- Try it
Wherever "CrtYd" appears in a line of the records below, count that line, and report only the number.

::::

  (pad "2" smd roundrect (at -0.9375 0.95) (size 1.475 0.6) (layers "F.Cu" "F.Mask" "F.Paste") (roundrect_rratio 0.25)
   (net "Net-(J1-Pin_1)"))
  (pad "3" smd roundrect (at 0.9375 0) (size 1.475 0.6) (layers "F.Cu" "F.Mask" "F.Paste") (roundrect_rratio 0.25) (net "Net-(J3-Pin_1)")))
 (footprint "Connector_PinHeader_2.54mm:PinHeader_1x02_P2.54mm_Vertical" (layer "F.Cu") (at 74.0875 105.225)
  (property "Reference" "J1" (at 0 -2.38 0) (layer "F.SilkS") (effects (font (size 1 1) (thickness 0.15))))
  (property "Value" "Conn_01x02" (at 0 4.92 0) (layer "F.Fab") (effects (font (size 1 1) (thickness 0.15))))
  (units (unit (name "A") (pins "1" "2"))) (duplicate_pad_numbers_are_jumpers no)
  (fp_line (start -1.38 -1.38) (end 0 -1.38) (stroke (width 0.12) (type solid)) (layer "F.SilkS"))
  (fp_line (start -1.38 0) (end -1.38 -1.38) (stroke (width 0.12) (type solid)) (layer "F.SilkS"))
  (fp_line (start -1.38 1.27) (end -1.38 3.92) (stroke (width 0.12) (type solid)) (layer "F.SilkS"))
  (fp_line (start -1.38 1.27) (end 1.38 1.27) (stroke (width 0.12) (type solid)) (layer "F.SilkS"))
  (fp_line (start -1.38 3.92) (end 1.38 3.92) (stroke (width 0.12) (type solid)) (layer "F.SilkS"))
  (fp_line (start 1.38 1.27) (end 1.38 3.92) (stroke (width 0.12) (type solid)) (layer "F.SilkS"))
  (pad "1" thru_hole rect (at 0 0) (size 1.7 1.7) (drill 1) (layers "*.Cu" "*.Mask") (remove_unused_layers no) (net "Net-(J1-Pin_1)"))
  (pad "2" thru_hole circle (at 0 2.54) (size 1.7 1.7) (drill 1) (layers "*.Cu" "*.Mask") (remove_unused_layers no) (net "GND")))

::::

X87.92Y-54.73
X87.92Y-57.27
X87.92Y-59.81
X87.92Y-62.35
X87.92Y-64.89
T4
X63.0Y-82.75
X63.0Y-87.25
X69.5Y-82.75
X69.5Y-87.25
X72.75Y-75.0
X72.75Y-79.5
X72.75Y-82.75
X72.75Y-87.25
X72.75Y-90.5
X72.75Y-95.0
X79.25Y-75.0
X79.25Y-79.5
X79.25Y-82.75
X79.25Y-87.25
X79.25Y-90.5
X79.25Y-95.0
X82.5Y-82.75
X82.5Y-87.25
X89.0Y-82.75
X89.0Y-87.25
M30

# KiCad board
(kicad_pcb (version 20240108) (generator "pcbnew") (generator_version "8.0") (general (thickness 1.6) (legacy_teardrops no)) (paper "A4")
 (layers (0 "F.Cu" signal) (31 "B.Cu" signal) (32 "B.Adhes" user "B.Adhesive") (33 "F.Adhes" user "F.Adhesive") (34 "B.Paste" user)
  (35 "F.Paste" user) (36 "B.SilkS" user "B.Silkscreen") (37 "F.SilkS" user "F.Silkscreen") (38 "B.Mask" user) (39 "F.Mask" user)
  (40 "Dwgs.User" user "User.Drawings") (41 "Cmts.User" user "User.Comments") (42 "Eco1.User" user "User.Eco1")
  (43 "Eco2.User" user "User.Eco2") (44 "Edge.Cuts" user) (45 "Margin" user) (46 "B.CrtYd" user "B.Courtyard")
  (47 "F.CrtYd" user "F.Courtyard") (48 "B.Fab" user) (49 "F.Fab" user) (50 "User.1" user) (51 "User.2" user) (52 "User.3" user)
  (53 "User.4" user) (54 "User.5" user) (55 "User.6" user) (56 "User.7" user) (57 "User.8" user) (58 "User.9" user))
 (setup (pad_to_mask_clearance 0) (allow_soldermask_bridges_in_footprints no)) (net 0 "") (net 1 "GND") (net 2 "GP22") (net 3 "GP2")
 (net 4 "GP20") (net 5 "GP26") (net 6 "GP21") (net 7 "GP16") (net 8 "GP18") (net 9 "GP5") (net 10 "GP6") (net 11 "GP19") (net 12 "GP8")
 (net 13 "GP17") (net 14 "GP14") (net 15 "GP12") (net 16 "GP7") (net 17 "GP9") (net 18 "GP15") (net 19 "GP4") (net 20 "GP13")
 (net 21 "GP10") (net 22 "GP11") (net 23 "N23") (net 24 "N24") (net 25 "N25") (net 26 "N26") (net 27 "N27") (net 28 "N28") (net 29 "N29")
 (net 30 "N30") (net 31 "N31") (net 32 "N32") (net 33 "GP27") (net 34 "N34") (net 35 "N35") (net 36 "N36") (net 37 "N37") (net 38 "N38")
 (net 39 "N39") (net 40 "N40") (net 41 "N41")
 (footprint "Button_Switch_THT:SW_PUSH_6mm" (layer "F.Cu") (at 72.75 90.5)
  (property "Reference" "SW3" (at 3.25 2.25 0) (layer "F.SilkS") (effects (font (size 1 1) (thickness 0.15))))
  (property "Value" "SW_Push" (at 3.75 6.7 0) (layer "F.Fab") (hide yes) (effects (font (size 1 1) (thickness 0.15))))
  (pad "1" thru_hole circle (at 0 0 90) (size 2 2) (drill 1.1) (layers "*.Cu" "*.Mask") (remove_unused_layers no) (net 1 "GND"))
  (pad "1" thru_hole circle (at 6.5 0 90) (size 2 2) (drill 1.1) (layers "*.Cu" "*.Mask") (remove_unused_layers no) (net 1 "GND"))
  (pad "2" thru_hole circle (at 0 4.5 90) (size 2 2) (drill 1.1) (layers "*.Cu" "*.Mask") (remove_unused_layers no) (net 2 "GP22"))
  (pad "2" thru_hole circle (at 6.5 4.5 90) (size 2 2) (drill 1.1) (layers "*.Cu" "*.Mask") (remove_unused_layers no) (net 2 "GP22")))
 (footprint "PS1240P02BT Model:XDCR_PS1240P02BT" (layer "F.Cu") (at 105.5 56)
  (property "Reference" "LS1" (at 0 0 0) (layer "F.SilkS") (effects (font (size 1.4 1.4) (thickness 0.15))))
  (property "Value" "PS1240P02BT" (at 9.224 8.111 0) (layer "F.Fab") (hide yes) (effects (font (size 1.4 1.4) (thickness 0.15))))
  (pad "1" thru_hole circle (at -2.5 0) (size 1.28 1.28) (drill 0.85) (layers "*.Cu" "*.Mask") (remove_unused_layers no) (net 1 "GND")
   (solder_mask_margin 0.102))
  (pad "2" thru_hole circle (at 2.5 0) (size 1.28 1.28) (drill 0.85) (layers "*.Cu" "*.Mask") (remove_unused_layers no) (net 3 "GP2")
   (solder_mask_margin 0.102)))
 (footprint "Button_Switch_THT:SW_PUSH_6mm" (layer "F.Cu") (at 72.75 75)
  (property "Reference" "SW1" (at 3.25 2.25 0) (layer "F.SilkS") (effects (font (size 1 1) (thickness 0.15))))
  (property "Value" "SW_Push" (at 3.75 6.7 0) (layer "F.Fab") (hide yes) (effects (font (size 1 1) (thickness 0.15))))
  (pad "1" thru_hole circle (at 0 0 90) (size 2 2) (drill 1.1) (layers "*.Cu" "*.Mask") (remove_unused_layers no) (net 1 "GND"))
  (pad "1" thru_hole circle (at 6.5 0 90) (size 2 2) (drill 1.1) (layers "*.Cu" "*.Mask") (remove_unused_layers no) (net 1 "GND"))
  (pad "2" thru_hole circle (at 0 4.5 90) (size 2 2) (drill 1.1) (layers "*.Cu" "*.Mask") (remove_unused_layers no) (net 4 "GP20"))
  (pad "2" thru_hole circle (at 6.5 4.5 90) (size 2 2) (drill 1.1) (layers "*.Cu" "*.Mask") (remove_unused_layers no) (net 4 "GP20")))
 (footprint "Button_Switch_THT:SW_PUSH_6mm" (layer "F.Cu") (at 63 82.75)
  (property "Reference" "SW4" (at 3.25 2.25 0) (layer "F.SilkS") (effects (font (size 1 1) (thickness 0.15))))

::::

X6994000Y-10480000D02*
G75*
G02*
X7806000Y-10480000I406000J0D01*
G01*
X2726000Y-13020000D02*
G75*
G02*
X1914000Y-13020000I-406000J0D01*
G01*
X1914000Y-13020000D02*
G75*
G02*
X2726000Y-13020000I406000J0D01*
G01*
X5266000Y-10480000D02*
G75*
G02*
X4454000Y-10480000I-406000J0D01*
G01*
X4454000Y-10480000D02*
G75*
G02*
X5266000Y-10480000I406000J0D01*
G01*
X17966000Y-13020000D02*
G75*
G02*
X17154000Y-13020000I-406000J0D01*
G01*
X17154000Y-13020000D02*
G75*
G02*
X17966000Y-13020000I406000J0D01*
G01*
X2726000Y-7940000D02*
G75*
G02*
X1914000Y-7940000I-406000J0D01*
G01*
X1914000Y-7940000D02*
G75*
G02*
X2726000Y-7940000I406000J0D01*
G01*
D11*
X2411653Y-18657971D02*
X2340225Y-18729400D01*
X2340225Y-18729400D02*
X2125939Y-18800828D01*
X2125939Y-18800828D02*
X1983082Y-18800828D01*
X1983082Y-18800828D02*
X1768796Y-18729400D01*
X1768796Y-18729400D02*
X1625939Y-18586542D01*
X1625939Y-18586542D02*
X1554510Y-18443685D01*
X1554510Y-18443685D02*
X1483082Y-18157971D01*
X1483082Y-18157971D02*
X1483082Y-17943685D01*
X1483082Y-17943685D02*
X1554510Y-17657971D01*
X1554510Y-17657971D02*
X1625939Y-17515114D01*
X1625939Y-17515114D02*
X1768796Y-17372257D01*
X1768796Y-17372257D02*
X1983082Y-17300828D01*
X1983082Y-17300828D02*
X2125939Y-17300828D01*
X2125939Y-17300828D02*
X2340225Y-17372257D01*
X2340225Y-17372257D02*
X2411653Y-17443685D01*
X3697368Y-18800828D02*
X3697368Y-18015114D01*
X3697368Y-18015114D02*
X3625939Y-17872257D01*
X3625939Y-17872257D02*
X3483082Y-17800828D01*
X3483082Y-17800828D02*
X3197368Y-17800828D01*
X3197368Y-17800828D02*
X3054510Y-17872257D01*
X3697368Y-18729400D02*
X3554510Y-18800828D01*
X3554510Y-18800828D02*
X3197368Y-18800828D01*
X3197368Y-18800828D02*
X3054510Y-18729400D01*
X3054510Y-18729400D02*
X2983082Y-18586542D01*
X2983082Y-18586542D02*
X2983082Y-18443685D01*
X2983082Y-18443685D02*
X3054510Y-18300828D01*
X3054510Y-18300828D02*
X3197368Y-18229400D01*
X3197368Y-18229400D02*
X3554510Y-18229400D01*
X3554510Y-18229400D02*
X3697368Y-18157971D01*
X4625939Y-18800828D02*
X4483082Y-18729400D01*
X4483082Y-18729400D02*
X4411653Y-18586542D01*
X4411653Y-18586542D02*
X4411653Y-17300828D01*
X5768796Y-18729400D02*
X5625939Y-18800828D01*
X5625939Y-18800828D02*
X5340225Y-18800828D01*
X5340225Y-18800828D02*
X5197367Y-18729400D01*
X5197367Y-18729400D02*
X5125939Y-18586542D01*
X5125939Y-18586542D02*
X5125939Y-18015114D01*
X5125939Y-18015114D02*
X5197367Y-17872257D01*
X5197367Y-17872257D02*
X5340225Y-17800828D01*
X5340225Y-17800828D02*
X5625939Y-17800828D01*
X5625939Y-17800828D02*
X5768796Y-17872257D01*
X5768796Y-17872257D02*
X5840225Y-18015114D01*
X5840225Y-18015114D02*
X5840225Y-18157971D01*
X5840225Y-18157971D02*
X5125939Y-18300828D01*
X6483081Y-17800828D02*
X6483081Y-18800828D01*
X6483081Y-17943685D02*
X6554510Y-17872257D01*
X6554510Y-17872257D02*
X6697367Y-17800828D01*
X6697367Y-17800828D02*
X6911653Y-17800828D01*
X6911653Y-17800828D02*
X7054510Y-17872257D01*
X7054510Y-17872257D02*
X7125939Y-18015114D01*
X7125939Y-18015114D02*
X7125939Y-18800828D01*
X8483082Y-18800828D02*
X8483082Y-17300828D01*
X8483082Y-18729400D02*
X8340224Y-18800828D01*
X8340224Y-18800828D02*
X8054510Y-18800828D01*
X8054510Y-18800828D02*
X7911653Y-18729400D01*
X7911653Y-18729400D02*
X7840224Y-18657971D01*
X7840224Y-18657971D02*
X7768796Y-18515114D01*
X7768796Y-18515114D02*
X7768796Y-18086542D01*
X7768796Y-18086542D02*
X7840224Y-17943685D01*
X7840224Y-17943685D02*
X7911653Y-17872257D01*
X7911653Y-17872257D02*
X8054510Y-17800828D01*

::::

- Task response
2